Summer approaches, but many Americans fear vacations are out of reach. Airfare costs have risen 18 percent compared to the same period in 2025.

Flights to beaches or Disney World now strain middle-class budgets, with the outlook grim. Spirit Airlines, a major budget carrier, canceled all flights and said on May 2 it is shutting down. The decision strands passengers and cuts low-cost choices.

Rep. Sean Duffy faults the Biden administration for killing a merger that could have saved the airline. Democrats cheered the block, he said, calling it economic malpractice.

In 2022, Spirit and JetBlue announced plans to merge into a new airline. The deal would pair JetBlue's scale with Spirit's low fares.

The merger promised a budget rival to the Big Four carriers — Delta, Southwest, American and United — to push down industry prices and benefit everyday travelers.

More competition typically means lower fares. But the Biden administration spent two years challenging JetBlue and Spirit. Officials blocked the deal, deeming the new company too large.
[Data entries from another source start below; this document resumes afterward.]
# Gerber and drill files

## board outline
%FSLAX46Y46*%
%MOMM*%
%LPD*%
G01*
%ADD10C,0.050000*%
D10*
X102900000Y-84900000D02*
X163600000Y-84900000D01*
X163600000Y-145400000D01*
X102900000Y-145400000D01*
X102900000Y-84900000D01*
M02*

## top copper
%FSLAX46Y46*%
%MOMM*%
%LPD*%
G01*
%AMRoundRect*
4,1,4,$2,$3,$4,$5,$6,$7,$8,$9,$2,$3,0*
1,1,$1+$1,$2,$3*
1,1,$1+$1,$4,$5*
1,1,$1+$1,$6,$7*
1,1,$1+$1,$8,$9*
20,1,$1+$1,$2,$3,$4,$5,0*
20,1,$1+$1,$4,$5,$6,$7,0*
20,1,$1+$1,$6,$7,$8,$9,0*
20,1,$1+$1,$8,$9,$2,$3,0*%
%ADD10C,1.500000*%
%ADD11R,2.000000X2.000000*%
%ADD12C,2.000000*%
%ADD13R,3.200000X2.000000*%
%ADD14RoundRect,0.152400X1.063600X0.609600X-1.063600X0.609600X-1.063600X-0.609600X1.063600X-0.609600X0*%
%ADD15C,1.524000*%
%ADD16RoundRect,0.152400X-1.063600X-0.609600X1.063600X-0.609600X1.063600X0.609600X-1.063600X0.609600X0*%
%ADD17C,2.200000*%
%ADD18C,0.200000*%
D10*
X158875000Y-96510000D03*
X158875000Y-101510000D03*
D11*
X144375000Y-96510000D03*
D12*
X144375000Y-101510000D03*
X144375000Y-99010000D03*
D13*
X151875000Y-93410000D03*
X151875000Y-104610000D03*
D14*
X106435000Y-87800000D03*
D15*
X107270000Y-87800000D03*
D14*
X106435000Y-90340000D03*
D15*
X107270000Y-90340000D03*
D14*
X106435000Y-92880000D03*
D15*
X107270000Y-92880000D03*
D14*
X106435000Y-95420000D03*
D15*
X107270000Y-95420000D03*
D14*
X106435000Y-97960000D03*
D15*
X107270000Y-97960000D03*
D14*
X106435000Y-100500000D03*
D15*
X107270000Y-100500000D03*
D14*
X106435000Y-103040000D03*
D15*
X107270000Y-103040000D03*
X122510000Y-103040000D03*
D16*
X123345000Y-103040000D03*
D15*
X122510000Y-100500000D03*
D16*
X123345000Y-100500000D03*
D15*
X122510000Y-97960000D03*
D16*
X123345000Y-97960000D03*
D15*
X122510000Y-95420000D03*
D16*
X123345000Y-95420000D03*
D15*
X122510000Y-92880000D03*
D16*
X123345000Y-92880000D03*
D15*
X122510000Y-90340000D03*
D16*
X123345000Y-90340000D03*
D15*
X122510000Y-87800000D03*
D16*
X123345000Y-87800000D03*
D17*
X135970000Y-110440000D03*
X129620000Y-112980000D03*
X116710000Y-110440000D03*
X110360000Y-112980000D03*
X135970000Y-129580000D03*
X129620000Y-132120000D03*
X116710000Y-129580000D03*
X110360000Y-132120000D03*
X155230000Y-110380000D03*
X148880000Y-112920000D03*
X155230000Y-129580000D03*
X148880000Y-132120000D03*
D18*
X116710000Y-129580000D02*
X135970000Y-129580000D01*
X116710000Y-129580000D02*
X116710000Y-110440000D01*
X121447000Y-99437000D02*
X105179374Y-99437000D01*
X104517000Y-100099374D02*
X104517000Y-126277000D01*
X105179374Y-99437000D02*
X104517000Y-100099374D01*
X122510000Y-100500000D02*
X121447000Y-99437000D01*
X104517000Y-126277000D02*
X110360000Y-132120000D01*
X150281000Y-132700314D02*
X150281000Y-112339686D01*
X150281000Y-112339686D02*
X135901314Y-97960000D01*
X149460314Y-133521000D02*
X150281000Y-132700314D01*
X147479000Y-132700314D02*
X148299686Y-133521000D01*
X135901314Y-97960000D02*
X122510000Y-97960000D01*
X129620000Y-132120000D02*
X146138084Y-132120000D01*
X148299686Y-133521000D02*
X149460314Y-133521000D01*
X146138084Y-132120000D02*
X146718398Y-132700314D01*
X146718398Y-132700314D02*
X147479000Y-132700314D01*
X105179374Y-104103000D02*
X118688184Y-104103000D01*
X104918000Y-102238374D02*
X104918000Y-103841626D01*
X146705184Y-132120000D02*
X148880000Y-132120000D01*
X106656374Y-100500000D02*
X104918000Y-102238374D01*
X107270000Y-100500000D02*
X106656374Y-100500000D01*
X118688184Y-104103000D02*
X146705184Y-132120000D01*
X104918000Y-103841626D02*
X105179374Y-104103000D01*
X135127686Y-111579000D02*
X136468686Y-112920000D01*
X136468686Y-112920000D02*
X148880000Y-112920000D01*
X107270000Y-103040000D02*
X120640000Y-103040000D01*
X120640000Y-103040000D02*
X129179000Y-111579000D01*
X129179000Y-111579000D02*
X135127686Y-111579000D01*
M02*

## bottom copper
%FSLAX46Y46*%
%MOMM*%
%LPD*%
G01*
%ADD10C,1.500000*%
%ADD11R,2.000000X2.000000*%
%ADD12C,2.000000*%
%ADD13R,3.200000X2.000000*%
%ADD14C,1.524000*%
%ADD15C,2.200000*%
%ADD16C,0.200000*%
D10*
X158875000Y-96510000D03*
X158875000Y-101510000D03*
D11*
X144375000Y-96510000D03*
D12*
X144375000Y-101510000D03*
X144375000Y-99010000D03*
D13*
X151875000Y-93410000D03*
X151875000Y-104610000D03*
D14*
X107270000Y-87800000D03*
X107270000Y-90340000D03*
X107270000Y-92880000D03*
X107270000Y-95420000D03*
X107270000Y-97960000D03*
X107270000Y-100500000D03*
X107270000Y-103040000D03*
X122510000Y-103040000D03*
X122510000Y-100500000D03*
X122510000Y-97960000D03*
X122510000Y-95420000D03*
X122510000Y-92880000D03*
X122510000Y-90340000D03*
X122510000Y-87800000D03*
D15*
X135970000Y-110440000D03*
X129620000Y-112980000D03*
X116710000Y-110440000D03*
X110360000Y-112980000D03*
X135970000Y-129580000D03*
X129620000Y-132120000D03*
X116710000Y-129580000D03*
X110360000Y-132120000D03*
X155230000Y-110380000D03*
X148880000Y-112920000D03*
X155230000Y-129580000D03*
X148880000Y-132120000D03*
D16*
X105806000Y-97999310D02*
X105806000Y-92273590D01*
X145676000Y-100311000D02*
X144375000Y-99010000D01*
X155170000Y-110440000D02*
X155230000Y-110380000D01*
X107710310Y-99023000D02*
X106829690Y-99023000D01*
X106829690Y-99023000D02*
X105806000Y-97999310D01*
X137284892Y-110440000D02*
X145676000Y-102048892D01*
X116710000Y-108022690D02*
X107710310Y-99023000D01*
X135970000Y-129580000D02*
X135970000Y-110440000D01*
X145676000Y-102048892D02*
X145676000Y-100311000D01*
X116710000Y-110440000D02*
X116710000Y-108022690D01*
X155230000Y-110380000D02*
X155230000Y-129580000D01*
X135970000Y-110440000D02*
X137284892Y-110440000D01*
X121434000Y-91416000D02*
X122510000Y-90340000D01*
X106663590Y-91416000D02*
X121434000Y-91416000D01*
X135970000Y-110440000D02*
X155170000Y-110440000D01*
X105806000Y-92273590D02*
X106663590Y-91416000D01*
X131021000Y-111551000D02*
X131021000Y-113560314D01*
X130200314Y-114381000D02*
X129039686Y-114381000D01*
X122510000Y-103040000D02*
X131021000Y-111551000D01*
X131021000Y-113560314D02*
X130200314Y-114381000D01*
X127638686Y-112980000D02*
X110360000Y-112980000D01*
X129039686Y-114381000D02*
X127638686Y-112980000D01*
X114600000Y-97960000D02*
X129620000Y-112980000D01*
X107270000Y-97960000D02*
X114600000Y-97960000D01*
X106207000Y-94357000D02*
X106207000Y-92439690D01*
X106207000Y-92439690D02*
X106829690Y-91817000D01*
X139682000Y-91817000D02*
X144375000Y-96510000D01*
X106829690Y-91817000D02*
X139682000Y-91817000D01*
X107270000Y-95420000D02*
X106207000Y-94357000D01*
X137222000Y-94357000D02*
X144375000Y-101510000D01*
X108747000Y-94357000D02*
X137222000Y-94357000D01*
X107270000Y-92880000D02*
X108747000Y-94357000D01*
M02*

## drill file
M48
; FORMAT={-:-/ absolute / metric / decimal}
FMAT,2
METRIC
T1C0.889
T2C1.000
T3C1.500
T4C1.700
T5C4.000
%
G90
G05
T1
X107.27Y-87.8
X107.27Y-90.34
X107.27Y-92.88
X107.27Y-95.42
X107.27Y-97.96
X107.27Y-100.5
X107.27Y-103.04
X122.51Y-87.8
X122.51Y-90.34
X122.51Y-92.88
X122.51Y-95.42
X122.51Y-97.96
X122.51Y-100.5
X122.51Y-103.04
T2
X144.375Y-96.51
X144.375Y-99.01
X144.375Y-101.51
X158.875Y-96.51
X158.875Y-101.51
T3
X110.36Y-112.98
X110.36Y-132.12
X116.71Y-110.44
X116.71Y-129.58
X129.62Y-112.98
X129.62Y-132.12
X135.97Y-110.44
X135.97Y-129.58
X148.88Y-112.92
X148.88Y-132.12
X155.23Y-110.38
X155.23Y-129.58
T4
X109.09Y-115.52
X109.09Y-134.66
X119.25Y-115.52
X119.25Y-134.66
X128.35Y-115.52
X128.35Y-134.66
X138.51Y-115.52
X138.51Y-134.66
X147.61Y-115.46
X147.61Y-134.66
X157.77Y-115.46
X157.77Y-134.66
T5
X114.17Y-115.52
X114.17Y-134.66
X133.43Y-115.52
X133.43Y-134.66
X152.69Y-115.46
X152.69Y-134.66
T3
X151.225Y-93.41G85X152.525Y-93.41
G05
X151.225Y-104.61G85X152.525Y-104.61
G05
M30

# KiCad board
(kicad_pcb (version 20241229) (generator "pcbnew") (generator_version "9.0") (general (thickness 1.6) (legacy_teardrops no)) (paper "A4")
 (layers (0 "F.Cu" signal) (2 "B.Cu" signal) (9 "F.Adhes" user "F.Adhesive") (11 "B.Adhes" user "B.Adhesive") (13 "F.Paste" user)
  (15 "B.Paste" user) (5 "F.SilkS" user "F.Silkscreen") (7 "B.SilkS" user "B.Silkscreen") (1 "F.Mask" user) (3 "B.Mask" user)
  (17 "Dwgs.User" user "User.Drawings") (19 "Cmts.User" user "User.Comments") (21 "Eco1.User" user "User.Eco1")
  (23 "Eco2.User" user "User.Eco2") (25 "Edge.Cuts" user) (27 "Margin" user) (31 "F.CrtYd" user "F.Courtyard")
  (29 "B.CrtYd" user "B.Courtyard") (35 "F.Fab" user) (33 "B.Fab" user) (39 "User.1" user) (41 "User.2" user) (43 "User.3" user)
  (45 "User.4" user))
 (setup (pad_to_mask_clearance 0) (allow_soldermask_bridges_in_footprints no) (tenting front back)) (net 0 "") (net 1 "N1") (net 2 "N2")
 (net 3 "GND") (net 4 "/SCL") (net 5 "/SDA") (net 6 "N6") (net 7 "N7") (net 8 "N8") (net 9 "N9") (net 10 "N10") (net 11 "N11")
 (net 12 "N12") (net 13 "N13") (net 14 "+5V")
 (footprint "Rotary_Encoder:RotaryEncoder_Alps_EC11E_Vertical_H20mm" (layer "F.Cu") (at 144.375 96.51)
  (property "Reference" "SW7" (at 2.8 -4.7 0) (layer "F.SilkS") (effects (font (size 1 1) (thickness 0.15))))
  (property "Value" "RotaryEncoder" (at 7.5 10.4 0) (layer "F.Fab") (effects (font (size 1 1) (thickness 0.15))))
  (pad "" thru_hole circle (at 14.5 0) (size 1.5 1.5) (drill 1) (layers "*.Cu" "*.Mask") (remove_unused_layers no))
  (pad "" thru_hole circle (at 14.5 5) (size 1.5 1.5) (drill 1) (layers "*.Cu" "*.Mask") (remove_unused_layers no))
  (pad "A" thru_hole rect (at 0 0) (size 2 2) (drill 1) (layers "*.Cu" "*.Mask") (remove_unused_layers no) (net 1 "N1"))
  (pad "B" thru_hole circle (at 0 5) (size 2 2) (drill 1) (layers "*.Cu" "*.Mask") (remove_unused_layers no) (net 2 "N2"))
  (pad "C" thru_hole circle (at 0 2.5) (size 2 2) (drill 1) (layers "*.Cu" "*.Mask") (remove_unused_layers no) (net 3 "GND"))
  (pad "MP" thru_hole rect (at 7.5 -3.1) (size 3.2 2) (drill oval 2.8 1.5) (layers "*.Cu" "*.Mask") (remove_unused_layers no))
  (pad "MP" thru_hole rect (at 7.5 8.1) (size 3.2 2) (drill oval 2.8 1.5) (layers "*.Cu" "*.Mask") (remove_unused_layers no)))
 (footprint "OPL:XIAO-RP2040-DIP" (layer "F.Cu") (at 114.89 95.42)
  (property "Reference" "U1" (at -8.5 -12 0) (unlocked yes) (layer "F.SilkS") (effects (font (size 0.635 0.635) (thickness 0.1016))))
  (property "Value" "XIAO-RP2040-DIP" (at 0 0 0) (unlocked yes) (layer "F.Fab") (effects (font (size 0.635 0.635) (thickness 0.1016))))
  (pad "1" smd roundrect (at -8.455 -7.62 180) (size 2.432 1.524) (layers "F.Cu" "F.Mask") (roundrect_rratio 0.1) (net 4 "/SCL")
   (thermal_bridge_angle 45))
  (pad "1" thru_hole circle (at -7.62 -7.62 180) (size 1.524 1.524) (drill 0.889) (layers "*.Cu" "*.Mask") (remove_unused_layers no)
   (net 4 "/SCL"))
  (pad "2" smd roundrect (at -8.455 -5.08 180) (size 2.432 1.524) (layers "F.Cu" "F.Mask") (roundrect_rratio 0.1) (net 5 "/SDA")
   (thermal_bridge_angle 45))
  (pad "2" thru_hole circle (at -7.62 -5.08 180) (size 1.524 1.524) (drill 0.889) (layers "*.Cu" "*.Mask") (remove_unused_layers no)
   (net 5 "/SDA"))
  (pad "3" smd roundrect (at -8.455 -2.54 180) (size 2.432 1.524) (layers "F.Cu" "F.Mask") (roundrect_rratio 0.1) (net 2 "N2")
   (thermal_bridge_angle 45))
  (pad "3" thru_hole circle (at -7.62 -2.54 180) (size 1.524 1.524) (drill 0.889) (layers "*.Cu" "*.Mask") (remove_unused_layers no)
   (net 2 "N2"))
  (pad "4" smd roundrect (at -8.455 0 180) (size 2.432 1.524) (layers "F.Cu" "F.Mask") (roundrect_rratio 0.1) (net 1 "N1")
   (thermal_bridge_angle 45))
  (pad "4" thru_hole circle (at -7.62 0 180) (size 1.524 1.524) (drill 0.889) (layers "*.Cu" "*.Mask") (remove_unused_layers no)
   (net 1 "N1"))
  (pad "5" smd roundrect (at -8.455 2.54 180) (size 2.432 1.524) (layers "F.Cu" "F.Mask") (roundrect_rratio 0.1) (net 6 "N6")
   (thermal_bridge_angle 45))
  (pad "5" thru_hole circle (at -7.62 2.54 180) (size 1.524 1.524) (drill 0.889) (layers "*.Cu" "*.Mask") (remove_unused_layers no)
   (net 6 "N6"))
  (pad "6" smd roundrect (at -8.455 5.08 180) (size 2.432 1.524) (layers "F.Cu" "F.Mask") (roundrect_rratio 0.1) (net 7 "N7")
   (thermal_bridge_angle 45))
  (pad "6" thru_hole circle (at -7.62 5.08 180) (size 1.524 1.524) (drill 0.889) (layers "*.Cu" "*.Mask") (remove_unused_layers no)
   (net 7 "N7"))
  (pad "7" smd roundrect (at -8.455 7.62 180) (size 2.432 1.524) (layers "F.Cu" "F.Mask") (roundrect_rratio 0.1) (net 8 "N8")
   (thermal_bridge_angle 45))
  (pad "7" thru_hole circle (at -7.62 7.62 180) (size 1.524 1.524) (drill 0.889) (layers "*.Cu" "*.Mask") (remove_unused_layers no)
   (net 8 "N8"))
  (pad "8" thru_hole circle (at 7.62 7.62) (size 1.524 1.524) (drill 0.889) (layers "*.Cu" "*.Mask") (remove_unused_layers no) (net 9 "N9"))
  (pad "8" smd roundrect (at 8.455 7.62) (size 2.432 1.524) (layers "F.Cu" "F.Mask") (roundrect_rratio 0.1) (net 9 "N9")
   (thermal_bridge_angle 45))
  (pad "9" thru_hole circle (at 7.62 5.08) (size 1.524 1.524) (drill 0.889) (layers "*.Cu" "*.Mask") (remove_unused_layers no)
   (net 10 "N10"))
  (pad "9" smd roundrect (at 8.455 5.08) (size 2.432 1.524) (layers "F.Cu" "F.Mask") (roundrect_rratio 0.1) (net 10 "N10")
   (thermal_bridge_angle 45))
  (pad "10" thru_hole circle (at 7.62 2.54) (size 1.524 1.524) (drill 0.889) (layers "*.Cu" "*.Mask") (remove_unused_layers no)
   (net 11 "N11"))
  (pad "10" smd roundrect (at 8.455 2.54) (size 2.432 1.524) (layers "F.Cu" "F.Mask") (roundrect_rratio 0.1) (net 11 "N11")
   (thermal_bridge_angle 45))
  (pad "11" thru_hole circle (at 7.62 0) (size 1.524 1.524) (drill 0.889) (layers "*.Cu" "*.Mask") (remove_unused_layers no) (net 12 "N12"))
  (pad "11" smd roundrect (at 8.455 0) (size 2.432 1.524) (layers "F.Cu" "F.Mask") (roundrect_rratio 0.1) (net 12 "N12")
   (thermal_bridge_angle 45))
The federal government, with a $7 trillion budget, targeted a $3.8 billion agreement. Federal Trade Commission Chair Lina Khan, then-Attorney General Merrick Garland and then-Assistant Attorney General for Antitrust Jonathan Kanter shifted antitrust focus from consumer harm to other priorities.

Khan and Biden once had 40 percent of S&P 500 market cap companies under investigation. This approach doomed the merger. The administration persuaded a judge to rule against it.

Garland said the merger "would have caused tens of millions of travelers to face higher fares and fewer choices." Spirit's shutdown changes that view.

Transportation Secretary Pete Buttigieg joined in, saying he supported the Justice Department lawsuit and used his own authorities.

Democratic state attorneys general opposed the deal. Colorado's Phil Weiser called the court win a guidepost for states. Sen. Elizabeth Warren tweeted that Biden officials "were right to stand up for consumers and fight against runaway airline consolidation."

Duffy argued the merger fought consolidation by challenging the Big Four, boosted consumers through competition and lower fares, and would have preserved Spirit and 17,000 jobs.

Eight months after the block, Spirit filed for bankruptcy. It did so again less than a year later.

JetBlue now struggles. One estimate gives it over 75 percent odds of bankruptcy this year.

Cirium Analytics data shows Spirit's fares cut industry prices by 14 percent. Flying costs will rise further.

Duffy said Democrats handed consumers less competition, fewer choices, higher prices, job losses and more power to big carriers. He hopes the Trump administration reins in antitrust enforcement to target only mergers with clear consumer harm.